1 – Hydration: Try to drink at least 1.5 litres of water (six to eight cups) per day.
2- Position on the toilet: yes it’s true, how you are sitting on the toilet will actually help you improve your pooping technique! If you can replicate the position highlighted in the chart above you’ll be an Olympic gold medalist in pooping any day now- it’s good to have goals. This almost squat like position straightens out the anal canal and allows for a clear path to the exit.

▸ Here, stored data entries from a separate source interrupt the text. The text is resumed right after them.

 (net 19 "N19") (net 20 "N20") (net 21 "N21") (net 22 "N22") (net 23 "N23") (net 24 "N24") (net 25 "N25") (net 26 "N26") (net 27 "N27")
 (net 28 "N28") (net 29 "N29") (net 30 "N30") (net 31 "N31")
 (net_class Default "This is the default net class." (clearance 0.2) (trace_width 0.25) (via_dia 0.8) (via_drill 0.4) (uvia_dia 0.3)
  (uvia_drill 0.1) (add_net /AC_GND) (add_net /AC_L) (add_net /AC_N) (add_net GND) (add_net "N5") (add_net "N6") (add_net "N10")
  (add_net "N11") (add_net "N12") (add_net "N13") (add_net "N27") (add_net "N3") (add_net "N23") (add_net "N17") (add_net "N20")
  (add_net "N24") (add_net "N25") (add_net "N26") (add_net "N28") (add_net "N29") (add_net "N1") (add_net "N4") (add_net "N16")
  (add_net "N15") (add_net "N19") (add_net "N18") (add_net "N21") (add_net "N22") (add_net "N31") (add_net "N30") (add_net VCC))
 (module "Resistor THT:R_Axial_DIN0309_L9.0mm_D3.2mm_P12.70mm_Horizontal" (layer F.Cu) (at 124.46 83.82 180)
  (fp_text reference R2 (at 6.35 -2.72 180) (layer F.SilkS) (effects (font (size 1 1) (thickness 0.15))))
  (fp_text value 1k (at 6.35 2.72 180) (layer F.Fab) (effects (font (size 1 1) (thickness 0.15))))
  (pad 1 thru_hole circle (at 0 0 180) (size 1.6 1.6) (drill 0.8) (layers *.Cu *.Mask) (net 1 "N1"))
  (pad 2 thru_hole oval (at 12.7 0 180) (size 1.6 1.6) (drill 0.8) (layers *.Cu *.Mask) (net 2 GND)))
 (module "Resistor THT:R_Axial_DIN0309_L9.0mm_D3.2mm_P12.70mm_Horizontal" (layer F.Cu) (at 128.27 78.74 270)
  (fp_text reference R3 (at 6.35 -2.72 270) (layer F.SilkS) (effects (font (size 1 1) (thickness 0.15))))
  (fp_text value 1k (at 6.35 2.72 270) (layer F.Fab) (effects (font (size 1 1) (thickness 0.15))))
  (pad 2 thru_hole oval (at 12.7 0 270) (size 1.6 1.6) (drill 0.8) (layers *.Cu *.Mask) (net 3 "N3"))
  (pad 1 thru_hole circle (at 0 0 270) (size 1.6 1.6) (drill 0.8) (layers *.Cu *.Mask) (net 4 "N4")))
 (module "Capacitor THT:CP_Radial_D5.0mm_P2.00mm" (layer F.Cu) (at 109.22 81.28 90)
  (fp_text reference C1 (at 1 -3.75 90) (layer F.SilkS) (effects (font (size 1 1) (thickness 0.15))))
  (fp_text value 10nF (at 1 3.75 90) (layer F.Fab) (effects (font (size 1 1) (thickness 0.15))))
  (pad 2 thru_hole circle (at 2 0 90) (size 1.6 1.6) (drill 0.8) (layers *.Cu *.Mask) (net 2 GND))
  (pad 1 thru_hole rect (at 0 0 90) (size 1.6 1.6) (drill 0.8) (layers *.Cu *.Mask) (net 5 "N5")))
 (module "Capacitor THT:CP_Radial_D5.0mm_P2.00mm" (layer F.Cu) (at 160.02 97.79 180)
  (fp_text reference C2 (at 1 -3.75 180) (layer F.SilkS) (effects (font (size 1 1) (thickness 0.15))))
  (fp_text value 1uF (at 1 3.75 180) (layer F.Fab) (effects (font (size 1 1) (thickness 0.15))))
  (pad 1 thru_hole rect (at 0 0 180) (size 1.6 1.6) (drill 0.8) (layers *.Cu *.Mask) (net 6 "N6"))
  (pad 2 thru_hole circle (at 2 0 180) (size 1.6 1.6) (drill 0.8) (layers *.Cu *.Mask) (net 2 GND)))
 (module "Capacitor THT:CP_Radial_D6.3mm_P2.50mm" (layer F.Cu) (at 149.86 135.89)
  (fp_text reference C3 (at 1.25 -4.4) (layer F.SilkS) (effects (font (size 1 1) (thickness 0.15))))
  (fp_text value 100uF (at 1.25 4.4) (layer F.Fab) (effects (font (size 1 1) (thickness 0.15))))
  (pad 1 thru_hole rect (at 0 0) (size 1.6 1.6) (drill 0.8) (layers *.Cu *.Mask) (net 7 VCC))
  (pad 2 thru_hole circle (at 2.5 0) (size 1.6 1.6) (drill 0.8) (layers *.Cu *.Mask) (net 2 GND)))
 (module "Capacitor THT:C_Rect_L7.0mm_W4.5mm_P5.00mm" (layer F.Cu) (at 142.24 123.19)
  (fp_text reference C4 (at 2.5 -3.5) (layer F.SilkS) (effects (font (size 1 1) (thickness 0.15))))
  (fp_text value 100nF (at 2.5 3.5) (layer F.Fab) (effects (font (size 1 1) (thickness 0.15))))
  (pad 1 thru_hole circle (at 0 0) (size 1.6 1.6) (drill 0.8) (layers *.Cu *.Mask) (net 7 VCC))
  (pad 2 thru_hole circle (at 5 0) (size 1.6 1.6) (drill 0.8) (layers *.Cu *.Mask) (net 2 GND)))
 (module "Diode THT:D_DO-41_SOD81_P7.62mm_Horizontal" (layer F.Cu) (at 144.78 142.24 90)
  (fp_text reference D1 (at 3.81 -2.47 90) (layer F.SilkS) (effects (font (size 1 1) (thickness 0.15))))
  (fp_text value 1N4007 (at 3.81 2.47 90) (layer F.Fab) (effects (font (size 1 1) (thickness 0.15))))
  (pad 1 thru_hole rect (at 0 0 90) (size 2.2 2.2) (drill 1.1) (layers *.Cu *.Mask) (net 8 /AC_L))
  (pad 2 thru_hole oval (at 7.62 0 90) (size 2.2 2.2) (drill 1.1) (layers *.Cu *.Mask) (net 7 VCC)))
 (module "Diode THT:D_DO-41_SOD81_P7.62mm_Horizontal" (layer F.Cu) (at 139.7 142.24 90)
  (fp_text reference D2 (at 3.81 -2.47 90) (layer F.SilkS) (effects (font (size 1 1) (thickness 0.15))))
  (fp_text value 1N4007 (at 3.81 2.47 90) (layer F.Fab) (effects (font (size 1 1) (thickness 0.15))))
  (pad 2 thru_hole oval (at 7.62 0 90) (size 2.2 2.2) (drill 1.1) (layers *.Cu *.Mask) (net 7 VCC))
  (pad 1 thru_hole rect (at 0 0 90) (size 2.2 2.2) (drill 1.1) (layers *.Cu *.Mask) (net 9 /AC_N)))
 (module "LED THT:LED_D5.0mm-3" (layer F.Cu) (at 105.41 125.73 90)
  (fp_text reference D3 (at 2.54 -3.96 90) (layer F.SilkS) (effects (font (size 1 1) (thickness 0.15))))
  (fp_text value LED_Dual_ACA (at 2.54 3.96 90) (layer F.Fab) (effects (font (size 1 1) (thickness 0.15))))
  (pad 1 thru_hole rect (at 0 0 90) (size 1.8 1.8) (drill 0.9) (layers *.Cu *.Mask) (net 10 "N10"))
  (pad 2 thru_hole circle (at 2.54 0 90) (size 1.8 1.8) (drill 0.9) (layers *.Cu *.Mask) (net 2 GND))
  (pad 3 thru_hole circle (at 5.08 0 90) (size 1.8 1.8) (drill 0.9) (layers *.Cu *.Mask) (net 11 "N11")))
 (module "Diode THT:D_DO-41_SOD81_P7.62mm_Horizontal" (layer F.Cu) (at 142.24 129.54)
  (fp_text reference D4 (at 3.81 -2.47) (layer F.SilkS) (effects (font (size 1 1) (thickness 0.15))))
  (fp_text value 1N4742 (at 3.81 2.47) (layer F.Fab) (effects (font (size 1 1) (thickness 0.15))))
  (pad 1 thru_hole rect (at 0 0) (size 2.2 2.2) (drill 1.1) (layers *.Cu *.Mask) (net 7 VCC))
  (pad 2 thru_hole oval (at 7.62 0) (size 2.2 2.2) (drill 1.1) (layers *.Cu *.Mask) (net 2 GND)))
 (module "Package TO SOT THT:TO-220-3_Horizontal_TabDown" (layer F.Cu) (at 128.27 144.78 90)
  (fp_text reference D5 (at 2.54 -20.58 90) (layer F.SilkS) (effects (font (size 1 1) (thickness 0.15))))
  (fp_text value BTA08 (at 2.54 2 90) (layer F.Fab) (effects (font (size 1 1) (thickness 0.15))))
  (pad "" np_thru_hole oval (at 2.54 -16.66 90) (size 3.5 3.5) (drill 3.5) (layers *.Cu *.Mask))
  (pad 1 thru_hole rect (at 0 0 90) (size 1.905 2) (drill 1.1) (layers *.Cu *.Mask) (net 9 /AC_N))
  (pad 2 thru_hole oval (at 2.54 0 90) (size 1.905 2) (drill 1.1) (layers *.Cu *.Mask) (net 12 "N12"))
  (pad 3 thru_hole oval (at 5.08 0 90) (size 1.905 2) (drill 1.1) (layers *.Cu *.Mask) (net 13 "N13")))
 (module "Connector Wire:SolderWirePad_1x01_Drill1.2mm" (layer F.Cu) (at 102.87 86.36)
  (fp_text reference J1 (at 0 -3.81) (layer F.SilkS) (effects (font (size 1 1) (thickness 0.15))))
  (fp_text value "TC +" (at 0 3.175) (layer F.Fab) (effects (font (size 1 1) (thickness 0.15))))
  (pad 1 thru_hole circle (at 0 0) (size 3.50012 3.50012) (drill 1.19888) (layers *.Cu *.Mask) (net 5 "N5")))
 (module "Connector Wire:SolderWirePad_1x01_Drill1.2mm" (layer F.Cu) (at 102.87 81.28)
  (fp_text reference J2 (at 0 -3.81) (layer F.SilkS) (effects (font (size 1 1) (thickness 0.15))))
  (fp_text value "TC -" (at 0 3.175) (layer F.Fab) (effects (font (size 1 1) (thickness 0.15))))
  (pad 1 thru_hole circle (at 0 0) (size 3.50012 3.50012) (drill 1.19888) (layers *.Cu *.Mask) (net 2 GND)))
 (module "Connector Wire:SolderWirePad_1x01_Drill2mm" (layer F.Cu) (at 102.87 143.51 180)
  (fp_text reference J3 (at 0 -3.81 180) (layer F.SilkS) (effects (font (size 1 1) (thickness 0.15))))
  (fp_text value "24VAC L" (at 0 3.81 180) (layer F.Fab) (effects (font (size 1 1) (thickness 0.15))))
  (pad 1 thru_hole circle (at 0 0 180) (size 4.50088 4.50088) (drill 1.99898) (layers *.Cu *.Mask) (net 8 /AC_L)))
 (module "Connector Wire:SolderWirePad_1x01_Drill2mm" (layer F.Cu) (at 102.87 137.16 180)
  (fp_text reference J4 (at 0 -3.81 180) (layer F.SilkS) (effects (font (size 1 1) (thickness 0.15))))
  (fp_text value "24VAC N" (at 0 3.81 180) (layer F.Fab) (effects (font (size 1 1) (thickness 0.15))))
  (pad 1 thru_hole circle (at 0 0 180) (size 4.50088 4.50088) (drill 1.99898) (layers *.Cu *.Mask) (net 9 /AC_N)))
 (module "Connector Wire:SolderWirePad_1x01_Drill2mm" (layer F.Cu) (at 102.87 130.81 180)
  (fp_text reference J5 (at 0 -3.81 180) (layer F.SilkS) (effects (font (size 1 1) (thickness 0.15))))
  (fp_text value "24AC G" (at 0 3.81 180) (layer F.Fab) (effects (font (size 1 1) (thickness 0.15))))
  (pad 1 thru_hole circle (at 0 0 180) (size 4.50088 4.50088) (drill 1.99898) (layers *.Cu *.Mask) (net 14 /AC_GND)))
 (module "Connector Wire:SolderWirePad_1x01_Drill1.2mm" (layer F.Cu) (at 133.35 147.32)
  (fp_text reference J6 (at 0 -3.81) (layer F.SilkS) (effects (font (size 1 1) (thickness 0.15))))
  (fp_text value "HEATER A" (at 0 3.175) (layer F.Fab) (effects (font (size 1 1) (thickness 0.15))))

3 – Fibre intake: The essential thing with fibre is to achieve a fine balance. You should eat the recommended 5 portions of fruit and vegetables a day. It is also crucial to eat whole grains e.g. wheat, corn, rice, oats, barley, quinoa, spelt and rye. However, whilst it is important to include all of these items in your daily diet it is just as important not to over indulge in them, as too much fibre can lead to an increase in bloating and discomfort.
4 – Exercise: Yes, doing exercise makes a difference too! If you want to shift the load then often you have to be the one to get things moving. Inactivity is a major contributing factor to constipation.
5 – Don’t rush: Keep calm and carry on. Straining can damage the delicate anal passage tissue leading to haemorrhoids, nobody wants that, so take it easy.
If you poop more, does it help you lose weight?
No- by the time your poop is formed, all the nutrients that were going to be absorbed, have been.
Are colonic cleanses good for you?
Human beings have pooped for hundreds of thousands of years by themselves. The notion that colonic cleansing is detoxifying, cleansing or good for your health is totally false and is NOT recommended.
Do women really poo?
Yes – and they love talking about it too apparently!
Now this is all over and dung with, we just wanted to say we hope you enjoyed reading this, most likely whilst you were sitting on the toilet.
You’re now the Grand Poo-Bah of this topic and hopefully we’ve made it less of a taPoo discussion!